Studio album by The Whitlams
- Released: 22 July 2002
- Recorded: 2001–2002
- Genre: Pop
- Length: 49:58
- Label: Black Yak / Warner
- Producer: Daniel Denholm

The Whitlams chronology
| Love This City (1999) | Torch the Moon (2002) | Little Cloud (2006) |

Alternative Covers
- Limited edition 2 disc version

Singles from Torch the Moon
- "Fall For You" Released: 17 June 2002; "Best Work" Released: 9 September 2002; "Royal in the Afternoon" Released: February 2003; "Don't Believe Anymore" Released: June 2003;

= Torch the Moon =

Torch the Moon is the fifth studio album by Australian band The Whitlams, released by Black Yak through Warner in 2002. It peaked at number one on the ARIA Albums Chart. It received platinum album certification from ARIA.

Professional ratings
Review scores
| Source | Rating |
| Allmusic | Star Half star |

==Track listing==

All tracks written by Tim Freedman, unless otherwise noted.
1. "Cries Too Hard" – 4:11
2. "Fall for You" (Freedman, D. Denholm) – 3:47
3. "The Lights Are Back On" – 3:44
4. "I Will Not Go Quietly (Duffy's Song)" (Freedman, J. Willing) – 3:53
5. "Kate Kelly" – 4:18
6. "Royal in the Afternoon" – 2:58
7. "Gone Surfing" (Freedman, J. Housden, T. Richmond, W. Hornby) – 2:12
8. "Best Work" (Freedman, B. Fink, N. Freedman) – 4:33
9. "Start My Cellar Again" – 4:08
10. "Coming Over" (Freedman, W. Hornby) – 4:26
11. "Out the Back" – 4:31
12. "Breathing You In" – 2:56
13. "Ease of the Midnight Visit" – 4:20

==Re-releases==
Initial prints of Torch the Moon contained a second CD, entitled Side 4. The track list contained:
1. "Don't Believe Anymore" – 5:22
2. "Last Life" – 4:45
3. "Witness Protection Scheme" – 3:52
4. "Back into the Wild" – 3:40
5. "Still in Love with You" – 3:23

A second print of the CD was released with the initial track listing, as well as "Don't Believe Anymore" (a cover of a track from Icehouse's 1984 album Sidewalk) and "Last Life".

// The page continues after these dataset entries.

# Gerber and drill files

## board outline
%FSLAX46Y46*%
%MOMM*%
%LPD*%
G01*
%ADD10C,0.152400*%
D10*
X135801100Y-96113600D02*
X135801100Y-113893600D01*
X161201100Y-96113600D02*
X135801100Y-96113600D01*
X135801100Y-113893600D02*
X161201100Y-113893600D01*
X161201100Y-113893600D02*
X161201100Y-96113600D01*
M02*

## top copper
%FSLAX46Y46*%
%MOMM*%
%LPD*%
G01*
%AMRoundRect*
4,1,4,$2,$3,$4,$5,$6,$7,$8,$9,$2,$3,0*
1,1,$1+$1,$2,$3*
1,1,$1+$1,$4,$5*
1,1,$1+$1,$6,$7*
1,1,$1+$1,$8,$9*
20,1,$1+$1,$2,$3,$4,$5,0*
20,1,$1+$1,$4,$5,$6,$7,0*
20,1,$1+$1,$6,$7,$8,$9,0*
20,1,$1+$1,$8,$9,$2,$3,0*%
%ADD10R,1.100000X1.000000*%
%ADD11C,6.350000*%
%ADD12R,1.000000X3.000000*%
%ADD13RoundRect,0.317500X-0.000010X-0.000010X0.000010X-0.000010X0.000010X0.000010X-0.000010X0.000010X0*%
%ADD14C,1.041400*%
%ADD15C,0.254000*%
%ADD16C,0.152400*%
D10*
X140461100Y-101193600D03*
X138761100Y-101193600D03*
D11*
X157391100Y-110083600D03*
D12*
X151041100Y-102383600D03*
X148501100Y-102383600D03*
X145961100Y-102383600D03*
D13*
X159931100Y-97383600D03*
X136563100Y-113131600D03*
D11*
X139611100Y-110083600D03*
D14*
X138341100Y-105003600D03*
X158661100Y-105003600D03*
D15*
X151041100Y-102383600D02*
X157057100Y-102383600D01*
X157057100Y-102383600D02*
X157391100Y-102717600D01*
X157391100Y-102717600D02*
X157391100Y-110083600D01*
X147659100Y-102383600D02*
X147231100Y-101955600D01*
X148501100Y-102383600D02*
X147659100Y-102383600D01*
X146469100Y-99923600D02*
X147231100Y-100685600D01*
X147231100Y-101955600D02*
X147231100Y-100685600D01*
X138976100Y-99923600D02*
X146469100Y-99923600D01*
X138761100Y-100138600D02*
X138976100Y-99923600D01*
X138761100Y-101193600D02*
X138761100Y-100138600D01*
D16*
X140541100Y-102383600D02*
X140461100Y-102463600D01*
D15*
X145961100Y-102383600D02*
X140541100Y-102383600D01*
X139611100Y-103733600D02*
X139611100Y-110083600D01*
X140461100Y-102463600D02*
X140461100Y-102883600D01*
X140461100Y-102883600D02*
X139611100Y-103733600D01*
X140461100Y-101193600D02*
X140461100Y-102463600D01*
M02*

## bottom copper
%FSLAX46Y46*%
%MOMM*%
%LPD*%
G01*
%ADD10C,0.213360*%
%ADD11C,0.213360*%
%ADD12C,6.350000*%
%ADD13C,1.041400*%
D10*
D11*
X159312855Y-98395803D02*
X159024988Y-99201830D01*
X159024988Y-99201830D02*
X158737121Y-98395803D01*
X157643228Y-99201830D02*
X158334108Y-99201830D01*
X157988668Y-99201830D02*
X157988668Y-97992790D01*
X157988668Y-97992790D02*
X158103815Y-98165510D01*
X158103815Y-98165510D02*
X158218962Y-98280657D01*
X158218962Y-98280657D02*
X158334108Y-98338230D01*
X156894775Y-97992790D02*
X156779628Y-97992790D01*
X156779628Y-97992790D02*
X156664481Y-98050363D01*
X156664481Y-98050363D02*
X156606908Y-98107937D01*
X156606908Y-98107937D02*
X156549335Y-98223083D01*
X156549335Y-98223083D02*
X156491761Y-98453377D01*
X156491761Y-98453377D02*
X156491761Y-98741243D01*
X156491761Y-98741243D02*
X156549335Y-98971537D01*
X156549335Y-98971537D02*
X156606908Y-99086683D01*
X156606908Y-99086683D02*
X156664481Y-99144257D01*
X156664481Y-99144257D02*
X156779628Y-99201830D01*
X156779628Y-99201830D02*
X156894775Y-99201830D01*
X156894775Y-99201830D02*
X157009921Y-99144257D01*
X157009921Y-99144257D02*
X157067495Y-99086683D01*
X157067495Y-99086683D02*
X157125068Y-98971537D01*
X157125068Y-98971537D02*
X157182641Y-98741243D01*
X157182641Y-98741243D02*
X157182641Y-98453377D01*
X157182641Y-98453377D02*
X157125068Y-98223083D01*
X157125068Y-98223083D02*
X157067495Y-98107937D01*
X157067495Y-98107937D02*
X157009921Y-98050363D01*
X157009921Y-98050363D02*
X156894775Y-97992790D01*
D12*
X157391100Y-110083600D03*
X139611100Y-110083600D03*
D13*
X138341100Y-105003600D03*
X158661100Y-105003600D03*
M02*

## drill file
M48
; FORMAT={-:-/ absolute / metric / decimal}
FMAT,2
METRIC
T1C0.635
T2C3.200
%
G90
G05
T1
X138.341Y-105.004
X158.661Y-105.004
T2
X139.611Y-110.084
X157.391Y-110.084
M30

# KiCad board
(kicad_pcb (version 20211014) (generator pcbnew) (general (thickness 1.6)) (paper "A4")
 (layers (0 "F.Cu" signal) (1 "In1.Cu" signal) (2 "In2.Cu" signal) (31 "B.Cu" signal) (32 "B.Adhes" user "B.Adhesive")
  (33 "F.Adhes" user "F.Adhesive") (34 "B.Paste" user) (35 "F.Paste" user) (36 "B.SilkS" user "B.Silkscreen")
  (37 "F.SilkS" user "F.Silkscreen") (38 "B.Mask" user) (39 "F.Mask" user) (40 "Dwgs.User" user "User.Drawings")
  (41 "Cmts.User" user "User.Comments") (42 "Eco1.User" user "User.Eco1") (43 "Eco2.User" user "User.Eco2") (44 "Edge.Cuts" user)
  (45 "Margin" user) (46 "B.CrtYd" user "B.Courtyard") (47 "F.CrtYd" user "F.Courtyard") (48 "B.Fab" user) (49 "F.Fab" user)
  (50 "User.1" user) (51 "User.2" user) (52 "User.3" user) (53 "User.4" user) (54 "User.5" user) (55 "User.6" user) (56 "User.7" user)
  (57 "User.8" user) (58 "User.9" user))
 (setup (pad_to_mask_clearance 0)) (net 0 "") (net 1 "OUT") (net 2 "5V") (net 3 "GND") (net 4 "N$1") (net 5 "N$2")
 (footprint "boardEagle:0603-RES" (layer "F.Cu") (at 139.6111 101.1936 180)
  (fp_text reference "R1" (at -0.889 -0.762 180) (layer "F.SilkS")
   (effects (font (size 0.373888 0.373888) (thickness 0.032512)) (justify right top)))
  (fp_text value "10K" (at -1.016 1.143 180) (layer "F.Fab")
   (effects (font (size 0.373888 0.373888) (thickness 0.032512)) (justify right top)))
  (pad "1" smd rect (at -0.85 0 180) (size 1.1 1) (layers "F.Cu" "F.Paste" "F.Mask") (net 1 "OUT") (solder_mask_margin 0.1016))
  (pad "2" smd rect (at 0.85 0 180) (size 1.1 1) (layers "F.Cu" "F.Paste" "F.Mask") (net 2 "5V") (solder_mask_margin 0.1016)))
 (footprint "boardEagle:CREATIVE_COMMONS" (layer "F.Cu") (at 58.3311 98.6536)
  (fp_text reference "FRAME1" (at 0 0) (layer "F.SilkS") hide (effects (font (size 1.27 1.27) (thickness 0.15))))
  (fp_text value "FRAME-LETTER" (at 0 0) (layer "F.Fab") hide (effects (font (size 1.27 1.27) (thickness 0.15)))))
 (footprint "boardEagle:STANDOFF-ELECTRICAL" (layer "F.Cu") (at 157.3911 110.0836)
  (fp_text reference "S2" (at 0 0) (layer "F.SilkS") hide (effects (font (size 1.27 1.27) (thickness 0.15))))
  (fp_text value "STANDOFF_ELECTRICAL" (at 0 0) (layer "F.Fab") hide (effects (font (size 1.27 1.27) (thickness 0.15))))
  (pad "P1" thru_hole circle (at 0 0) (size 6.35 6.35) (drill 3.2) (layers *.Cu *.Mask) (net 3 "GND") (solder_mask_margin 0.1016)))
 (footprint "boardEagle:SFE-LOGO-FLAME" (layer "F.Cu") (at 157.3911 99.9236)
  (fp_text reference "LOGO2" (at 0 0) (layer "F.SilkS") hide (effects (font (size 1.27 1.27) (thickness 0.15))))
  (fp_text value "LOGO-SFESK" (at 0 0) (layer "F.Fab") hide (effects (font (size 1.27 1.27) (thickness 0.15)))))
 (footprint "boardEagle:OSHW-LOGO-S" (layer "F.Cu") (at 154.8511 98.6536)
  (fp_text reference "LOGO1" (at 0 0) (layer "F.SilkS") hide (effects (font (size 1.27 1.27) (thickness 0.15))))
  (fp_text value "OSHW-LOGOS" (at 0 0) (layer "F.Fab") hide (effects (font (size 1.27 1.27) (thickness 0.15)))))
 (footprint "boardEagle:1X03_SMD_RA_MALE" (layer "F.Cu") (at 148.5011 97.3836 180)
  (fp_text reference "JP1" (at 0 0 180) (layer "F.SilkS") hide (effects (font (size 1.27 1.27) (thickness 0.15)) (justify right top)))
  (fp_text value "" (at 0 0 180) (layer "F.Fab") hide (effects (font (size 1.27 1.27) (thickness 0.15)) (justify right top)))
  (pad "1" smd rect (at -2.54 -5 270) (size 3 1) (layers "F.Cu" "F.Paste" "F.Mask") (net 3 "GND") (solder_mask_margin 0.1016))
  (pad "2" smd rect (at 0 -5 270) (size 3 1) (layers "F.Cu" "F.Paste" "F.Mask") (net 2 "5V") (solder_mask_margin 0.1016))
  (pad "3" smd rect (at 2.54 -5 270) (size 3 1) (layers "F.Cu" "F.Paste" "F.Mask") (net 1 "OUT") (solder_mask_margin 0.1016)))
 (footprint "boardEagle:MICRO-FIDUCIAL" (layer "F.Cu") (at 159.9311 97.3836)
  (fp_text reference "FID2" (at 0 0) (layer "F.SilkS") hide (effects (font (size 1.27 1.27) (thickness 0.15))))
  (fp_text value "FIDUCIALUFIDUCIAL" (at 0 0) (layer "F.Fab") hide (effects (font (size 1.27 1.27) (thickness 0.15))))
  (pad "1" smd roundrect (at 0 0) (size 0.635 0.635) (layers "F.Cu" "F.Mask") (roundrect_rratio 0.5) (solder_mask_margin 0.1016)))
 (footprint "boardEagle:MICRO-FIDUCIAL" (layer "F.Cu") (at 136.5631 113.1316)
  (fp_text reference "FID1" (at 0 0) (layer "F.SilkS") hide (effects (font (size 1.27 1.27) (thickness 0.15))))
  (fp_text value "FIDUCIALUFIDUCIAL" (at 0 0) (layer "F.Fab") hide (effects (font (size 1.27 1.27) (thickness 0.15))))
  (pad "1" smd roundrect (at 0 0) (size 0.635 0.635) (layers "F.Cu" "F.Mask") (roundrect_rratio 0.5) (solder_mask_margin 0.1016)))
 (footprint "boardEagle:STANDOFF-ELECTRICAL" (layer "F.Cu") (at 139.6111 110.0836)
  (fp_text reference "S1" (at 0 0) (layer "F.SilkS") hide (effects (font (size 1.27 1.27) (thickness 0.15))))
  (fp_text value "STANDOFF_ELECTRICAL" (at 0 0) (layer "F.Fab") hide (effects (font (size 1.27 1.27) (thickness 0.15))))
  (pad "P1" thru_hole circle (at 0 0) (size 6.35 6.35) (drill 3.2) (layers *.Cu *.Mask) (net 1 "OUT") (solder_mask_margin 0.1016)))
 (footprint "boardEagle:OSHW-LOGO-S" (layer "B.Cu") (at 142.1511 98.6536 180)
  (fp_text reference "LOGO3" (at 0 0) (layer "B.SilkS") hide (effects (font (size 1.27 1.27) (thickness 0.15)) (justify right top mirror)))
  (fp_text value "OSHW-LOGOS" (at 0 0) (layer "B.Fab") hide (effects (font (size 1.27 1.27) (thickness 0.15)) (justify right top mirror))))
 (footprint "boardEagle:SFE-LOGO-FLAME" (layer "B.Cu") (at 139.6111 99.9236 180)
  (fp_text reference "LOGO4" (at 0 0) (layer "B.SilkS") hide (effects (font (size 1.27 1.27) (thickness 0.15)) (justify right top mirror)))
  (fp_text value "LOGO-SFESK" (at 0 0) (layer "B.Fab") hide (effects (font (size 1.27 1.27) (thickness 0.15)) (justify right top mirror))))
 (gr_line (start 135.8011 96.1136) (end 135.8011 113.8936) (layer "Edge.Cuts") (width 0.1524))
 (gr_line (start 161.2011 96.1136) (end 135.8011 96.1136) (layer "Edge.Cuts") (width 0.1524))
 (gr_line (start 135.8011 113.8936) (end 161.2011 113.8936) (layer "Edge.Cuts") (width 0.1524))
 (gr_line (start 161.2011 113.8936) (end 161.2011 96.1136) (layer "Edge.Cuts") (width 0.1524))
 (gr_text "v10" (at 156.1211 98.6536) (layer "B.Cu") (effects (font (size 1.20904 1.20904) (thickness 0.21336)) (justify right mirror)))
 (segment (start 151.0411 102.3836) (end 157.0571 102.3836) (width 0.254) (layer "F.Cu") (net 3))
 (segment (start 157.0571 102.3836) (end 157.3911 102.7176) (width 0.254) (layer "F.Cu") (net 3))
 (segment (start 157.3911 102.7176) (end 157.3911 110.0836) (width 0.254) (layer "F.Cu") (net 3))
 (segment (start 147.6591 102.3836) (end 147.2311 101.9556) (width 0.254) (layer "F.Cu") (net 2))
 (segment (start 148.5011 102.3836) (end 147.6591 102.3836) (width 0.254) (layer "F.Cu") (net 2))
 (segment (start 146.4691 99.9236) (end 147.2311 100.6856) (width 0.254) (layer "F.Cu") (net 2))
 (segment (start 147.2311 101.9556) (end 147.2311 100.6856) (width 0.254) (layer "F.Cu") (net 2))
 (segment (start 138.9761 99.9236) (end 146.4691 99.9236) (width 0.254) (layer "F.Cu") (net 2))
 (segment (start 138.7611 100.1386) (end 138.9761 99.9236) (width 0.254) (layer "F.Cu") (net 2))
 (segment (start 138.7611 101.1936) (end 138.7611 100.1386) (width 0.254) (layer "F.Cu") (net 2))
 (segment (start 140.5411 102.3836) (end 140.4611 102.4636) (width 0.1524) (layer "F.Cu") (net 1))
 (segment (start 145.9611 102.3836) (end 140.5411 102.3836) (width 0.254) (layer "F.Cu") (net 1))
 (segment (start 139.6111 103.7336) (end 139.6111 110.0836) (width 0.254) (layer "F.Cu") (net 1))
 (segment (start 140.4611 102.4636) (end 140.4611 102.8836) (width 0.254) (layer "F.Cu") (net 1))
 (segment (start 140.4611 102.8836) (end 139.6111 103.7336) (width 0.254) (layer "F.Cu") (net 1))
 (segment (start 140.4611 101.1936) (end 140.4611 102.4636) (width 0.254) (layer "F.Cu") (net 1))
 (via (at 138.3411 105.0036) (size 1.0414) (drill 0.635) (layers "F.Cu" "B.Cu") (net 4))
 (via (at 158.6611 105.0036) (size 1.0414) (drill 0.635) (layers "F.Cu" "B.Cu") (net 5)))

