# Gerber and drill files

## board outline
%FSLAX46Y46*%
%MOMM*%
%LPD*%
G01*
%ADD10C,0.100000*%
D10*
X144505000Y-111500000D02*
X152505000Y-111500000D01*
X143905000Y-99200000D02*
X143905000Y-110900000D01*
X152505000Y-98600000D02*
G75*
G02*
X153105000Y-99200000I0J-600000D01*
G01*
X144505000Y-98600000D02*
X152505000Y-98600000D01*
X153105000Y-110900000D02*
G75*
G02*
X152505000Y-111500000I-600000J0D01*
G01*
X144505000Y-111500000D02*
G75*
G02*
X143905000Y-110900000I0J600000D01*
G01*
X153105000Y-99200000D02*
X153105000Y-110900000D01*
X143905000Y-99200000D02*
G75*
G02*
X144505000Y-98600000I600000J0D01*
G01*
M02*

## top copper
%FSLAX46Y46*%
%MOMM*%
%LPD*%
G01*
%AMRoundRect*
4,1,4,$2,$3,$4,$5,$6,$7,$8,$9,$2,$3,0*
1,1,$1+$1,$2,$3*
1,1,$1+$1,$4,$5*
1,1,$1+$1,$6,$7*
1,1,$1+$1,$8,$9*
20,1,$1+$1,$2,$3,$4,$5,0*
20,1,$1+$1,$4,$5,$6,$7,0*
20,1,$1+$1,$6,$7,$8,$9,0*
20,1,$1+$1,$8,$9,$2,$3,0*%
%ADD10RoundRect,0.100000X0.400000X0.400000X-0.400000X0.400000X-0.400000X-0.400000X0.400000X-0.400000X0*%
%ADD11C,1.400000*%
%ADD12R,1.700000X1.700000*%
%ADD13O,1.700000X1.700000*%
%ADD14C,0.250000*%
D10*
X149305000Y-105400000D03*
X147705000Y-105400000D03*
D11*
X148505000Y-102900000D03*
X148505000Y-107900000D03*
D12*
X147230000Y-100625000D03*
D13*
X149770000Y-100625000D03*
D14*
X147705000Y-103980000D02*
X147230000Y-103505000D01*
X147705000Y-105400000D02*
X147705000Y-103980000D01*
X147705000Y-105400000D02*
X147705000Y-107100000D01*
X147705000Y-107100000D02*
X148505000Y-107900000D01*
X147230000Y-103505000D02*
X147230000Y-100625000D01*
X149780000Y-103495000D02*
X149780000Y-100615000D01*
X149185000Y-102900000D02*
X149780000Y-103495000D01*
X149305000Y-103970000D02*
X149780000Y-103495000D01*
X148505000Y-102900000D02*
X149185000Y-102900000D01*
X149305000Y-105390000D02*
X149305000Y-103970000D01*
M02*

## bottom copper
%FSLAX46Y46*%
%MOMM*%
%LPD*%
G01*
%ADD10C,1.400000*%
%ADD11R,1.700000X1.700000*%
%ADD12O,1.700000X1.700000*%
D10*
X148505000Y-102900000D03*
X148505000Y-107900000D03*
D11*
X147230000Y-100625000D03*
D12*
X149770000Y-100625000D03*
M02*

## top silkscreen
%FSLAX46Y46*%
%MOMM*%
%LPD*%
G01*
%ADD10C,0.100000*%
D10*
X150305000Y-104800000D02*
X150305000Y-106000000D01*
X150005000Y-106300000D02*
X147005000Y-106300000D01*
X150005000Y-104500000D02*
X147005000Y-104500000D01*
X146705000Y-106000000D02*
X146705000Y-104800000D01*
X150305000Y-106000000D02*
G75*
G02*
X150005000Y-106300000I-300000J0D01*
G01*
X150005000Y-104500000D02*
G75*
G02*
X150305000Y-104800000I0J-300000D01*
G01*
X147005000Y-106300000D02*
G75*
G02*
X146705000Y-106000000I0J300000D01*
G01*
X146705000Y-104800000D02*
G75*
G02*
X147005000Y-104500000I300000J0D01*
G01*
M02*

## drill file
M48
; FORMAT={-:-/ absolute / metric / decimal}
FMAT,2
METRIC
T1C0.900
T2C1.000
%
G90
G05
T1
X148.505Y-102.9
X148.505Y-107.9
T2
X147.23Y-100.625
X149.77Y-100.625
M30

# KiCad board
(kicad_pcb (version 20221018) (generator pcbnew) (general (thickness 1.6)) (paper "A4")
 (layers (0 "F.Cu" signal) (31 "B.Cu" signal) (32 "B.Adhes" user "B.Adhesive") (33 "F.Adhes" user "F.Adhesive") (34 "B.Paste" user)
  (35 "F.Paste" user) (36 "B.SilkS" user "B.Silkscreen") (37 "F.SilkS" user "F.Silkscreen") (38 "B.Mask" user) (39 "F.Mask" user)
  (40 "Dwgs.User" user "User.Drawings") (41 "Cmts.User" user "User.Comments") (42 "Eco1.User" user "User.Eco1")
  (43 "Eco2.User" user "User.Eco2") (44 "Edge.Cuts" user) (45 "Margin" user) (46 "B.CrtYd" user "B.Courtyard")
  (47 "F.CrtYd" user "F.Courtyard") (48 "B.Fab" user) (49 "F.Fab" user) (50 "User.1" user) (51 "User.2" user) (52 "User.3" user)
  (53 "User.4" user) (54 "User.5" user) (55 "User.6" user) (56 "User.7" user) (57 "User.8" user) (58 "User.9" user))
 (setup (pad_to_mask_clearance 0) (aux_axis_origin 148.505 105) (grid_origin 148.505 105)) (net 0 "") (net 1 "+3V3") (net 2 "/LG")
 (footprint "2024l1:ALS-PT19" (layer "F.Cu") (at 148.505 105.4 180)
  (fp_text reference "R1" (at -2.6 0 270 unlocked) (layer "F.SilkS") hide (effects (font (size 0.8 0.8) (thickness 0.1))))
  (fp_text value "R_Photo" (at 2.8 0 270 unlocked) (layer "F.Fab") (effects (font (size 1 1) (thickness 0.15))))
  (fp_line (start -1.8 0.6) (end -1.8 -0.6) (stroke (width 0.1) (type default)) (layer "F.SilkS"))
  (fp_line (start -1.5 -0.9) (end 1.5 -0.9) (stroke (width 0.1) (type default)) (layer "F.SilkS"))
  (fp_line (start -1.5 0.9) (end 1.5 0.9) (stroke (width 0.1) (type default)) (layer "F.SilkS"))
  (fp_line (start 1.8 -0.6) (end 1.8 0.6) (stroke (width 0.1) (type default)) (layer "F.SilkS"))
  (fp_arc (start -1.8 -0.6) (mid -1.712132 -0.812132) (end -1.5 -0.9) (stroke (width 0.1) (type default)) (layer "F.SilkS"))
  (fp_arc (start -1.5 0.9) (mid -1.712132 0.812132) (end -1.8 0.6) (stroke (width 0.1) (type default)) (layer "F.SilkS"))
  (fp_arc (start 1.5 -0.9) (mid 1.712132 -0.812132) (end 1.8 -0.6) (stroke (width 0.1) (type default)) (layer "F.SilkS"))
  (fp_arc (start 1.8 0.6) (mid 1.712132 0.812132) (end 1.5 0.9) (stroke (width 0.1) (type default)) (layer "F.SilkS"))
  (pad "1" smd roundrect (at -0.8 0 180) (size 1 1) (layers "F.Cu" "F.Mask") (roundrect_rratio 0.1) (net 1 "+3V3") (solder_mask_margin 0.1)
   (thermal_bridge_angle 45))
  (pad "2" smd roundrect (at 0.8 0 180) (size 1 1) (layers "F.Cu" "F.Mask") (roundrect_rratio 0.1) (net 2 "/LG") (solder_mask_margin 0.1)
   (thermal_bridge_angle 45)))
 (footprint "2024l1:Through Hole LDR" (layer "F.Cu") (at 148.505 105.4 90)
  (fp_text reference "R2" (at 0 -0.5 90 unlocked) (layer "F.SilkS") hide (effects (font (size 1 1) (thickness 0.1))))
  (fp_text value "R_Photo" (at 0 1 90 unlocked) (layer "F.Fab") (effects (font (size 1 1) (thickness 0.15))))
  (pad "1" thru_hole circle (at 2.5 0 90) (size 1.4 1.4) (drill 0.9) (layers "*.Cu" "*.Mask") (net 1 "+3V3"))
  (pad "2" thru_hole circle (at -2.5 0 90) (size 1.4 1.4) (drill 0.9) (layers "*.Cu" "*.Mask") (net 2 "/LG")))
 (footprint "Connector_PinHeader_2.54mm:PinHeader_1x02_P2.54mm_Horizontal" (layer "B.Cu") (at 147.23 100.625 -90)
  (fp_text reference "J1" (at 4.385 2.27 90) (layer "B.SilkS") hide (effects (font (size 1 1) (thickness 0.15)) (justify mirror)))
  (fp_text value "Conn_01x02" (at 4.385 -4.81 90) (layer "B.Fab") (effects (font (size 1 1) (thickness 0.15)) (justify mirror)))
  (pad "1" thru_hole rect (at 0 0 270) (size 1.7 1.7) (drill 1) (layers "*.Cu" "*.Mask") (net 2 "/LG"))
  (pad "2" thru_hole oval (at 0 -2.54 270) (size 1.7 1.7) (drill 1) (layers "*.Cu" "*.Mask") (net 1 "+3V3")))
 (gr_line (start 144.505 111.5) (end 152.505 111.5) (stroke (width 0.1) (type default)) (layer "Edge.Cuts"))
 (gr_line (start 143.905 99.2) (end 143.905 110.9) (stroke (width 0.1) (type default)) (layer "Edge.Cuts"))
 (gr_arc (start 152.505 98.6) (mid 152.929264 98.775736) (end 153.105 99.2) (stroke (width 0.1) (type default)) (layer "Edge.Cuts"))
 (gr_line (start 144.505 98.6) (end 152.505 98.6) (stroke (width 0.1) (type default)) (layer "Edge.Cuts"))
 (gr_arc (start 153.105 110.9) (mid 152.929264 111.324264) (end 152.505 111.5) (stroke (width 0.1) (type default)) (layer "Edge.Cuts"))
 (gr_arc (start 144.505 111.5) (mid 144.080736 111.324264) (end 143.905 110.9) (stroke (width 0.1) (type default)) (layer "Edge.Cuts"))
 (gr_line (start 153.105 99.2) (end 153.105 110.9) (stroke (width 0.1) (type default)) (layer "Edge.Cuts"))
 (gr_arc (start 143.905 99.2) (mid 144.080736 98.775736) (end 144.505 98.6) (stroke (width 0.1) (type default)) (layer "Edge.Cuts"))
 (segment (start 147.705 103.98) (end 147.23 103.505) (width 0.25) (layer "F.Cu") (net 2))
 (segment (start 147.705 105.4) (end 147.705 103.98) (width 0.25) (layer "F.Cu") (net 2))
 (segment (start 147.705 105.4) (end 147.705 107.1) (width 0.25) (layer "F.Cu") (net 2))
 (segment (start 147.705 107.1) (end 148.505 107.9) (width 0.25) (layer "F.Cu") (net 2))
 (segment (start 147.23 103.505) (end 147.23 100.625) (width 0.25) (layer "F.Cu") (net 2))
 (segment (start 149.78 103.495) (end 149.78 100.615) (width 0.25) (layer "F.Cu") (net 1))
 (segment (start 149.185 102.9) (end 149.78 103.495) (width 0.25) (layer "F.Cu") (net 1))
 (segment (start 149.305 103.97) (end 149.78 103.495) (width 0.25) (layer "F.Cu") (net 1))
 (segment (start 148.505 102.9) (end 149.185 102.9) (width 0.25) (layer "F.Cu") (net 1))
 (segment (start 149.305 105.39) (end 149.305 103.97) (width 0.25) (layer "F.Cu") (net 1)))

A third release of the CD saw the thirteen initial tracks included, but none of the tracks from Side 4.

Finally, a fourth print of the CD saw a combination of the fifteen-track release as well as an exclusive 'Rarities' CD, collecting B-sides and unreleased tracks from the last nine years. The track list ran as follows:
1. "The Curse Stops Here" – 3:37
2. "Where Is She? (Demo)" – 4:28
3. "Tiny Girls" – 2:50
4. "Buy Now Pay Later (Charlie No. 2) (Live)" – 4:53
5. "Bring Me Back to Your Love (Full Band Version)" – 4:05
6. "Coming up for Air" – 3:46
7. "Fall for You (Perky Mix)" – 3:36
8. "Never Fall in Love Again" – 3:36
9. "No Aphrodisiac (MGF Remix)" – 4:22
10. "400 Miles from Darwin (Demo)" – 3:20
11. "Out the Back (Sculthorpe Variation)" – 9:43
12. "I Make Hamburgers (Live Remix)" – 3:01

==Personnel==

- Tim Freedman – Piano, Vocals, Backing Vocals
- Jak Housden – Guitar, Backing Vocals
- Terepai Richmond – Drums, Percussion
- Warwick Hornby – Bass
- Daniel Denholm – Strings
- Emma-Jane Murphy, Melissa Barnard, Peter Morrison – Cello
- Caroline Henbest – Viola
- Aiko Goto, Doreen Cumming, Elizabeth Jones, Helena Rathbone, Jun Yi Ma, Naomi Radom – Violin

==Charts==
===Weekly charts===

| Chart (2002–03) | Peak position |
|---|---|
| Australian Albums (ARIA) | 1 |

===Year-end chart===

| Chart (2002) | Position |
|---|---|
| Australian (ARIA Charts) | 49 |

==Certifications==

| Region | Certification | Certified units/sales |
| Australia (ARIA) | Platinum | 70,000^{^} |
^{^} Shipments figures based on certification alone.

==In popular culture==
The first verse of "Kate Kelly", a song about Kate Kelly, younger sister of Ned Kelly, may have inspired Australian author David Hunt in his 2016 book "True Girt: The Unauthorised History of Australia, Volume 2" in which he also describes Joe Byrne as having been "strung up" like a "marionette".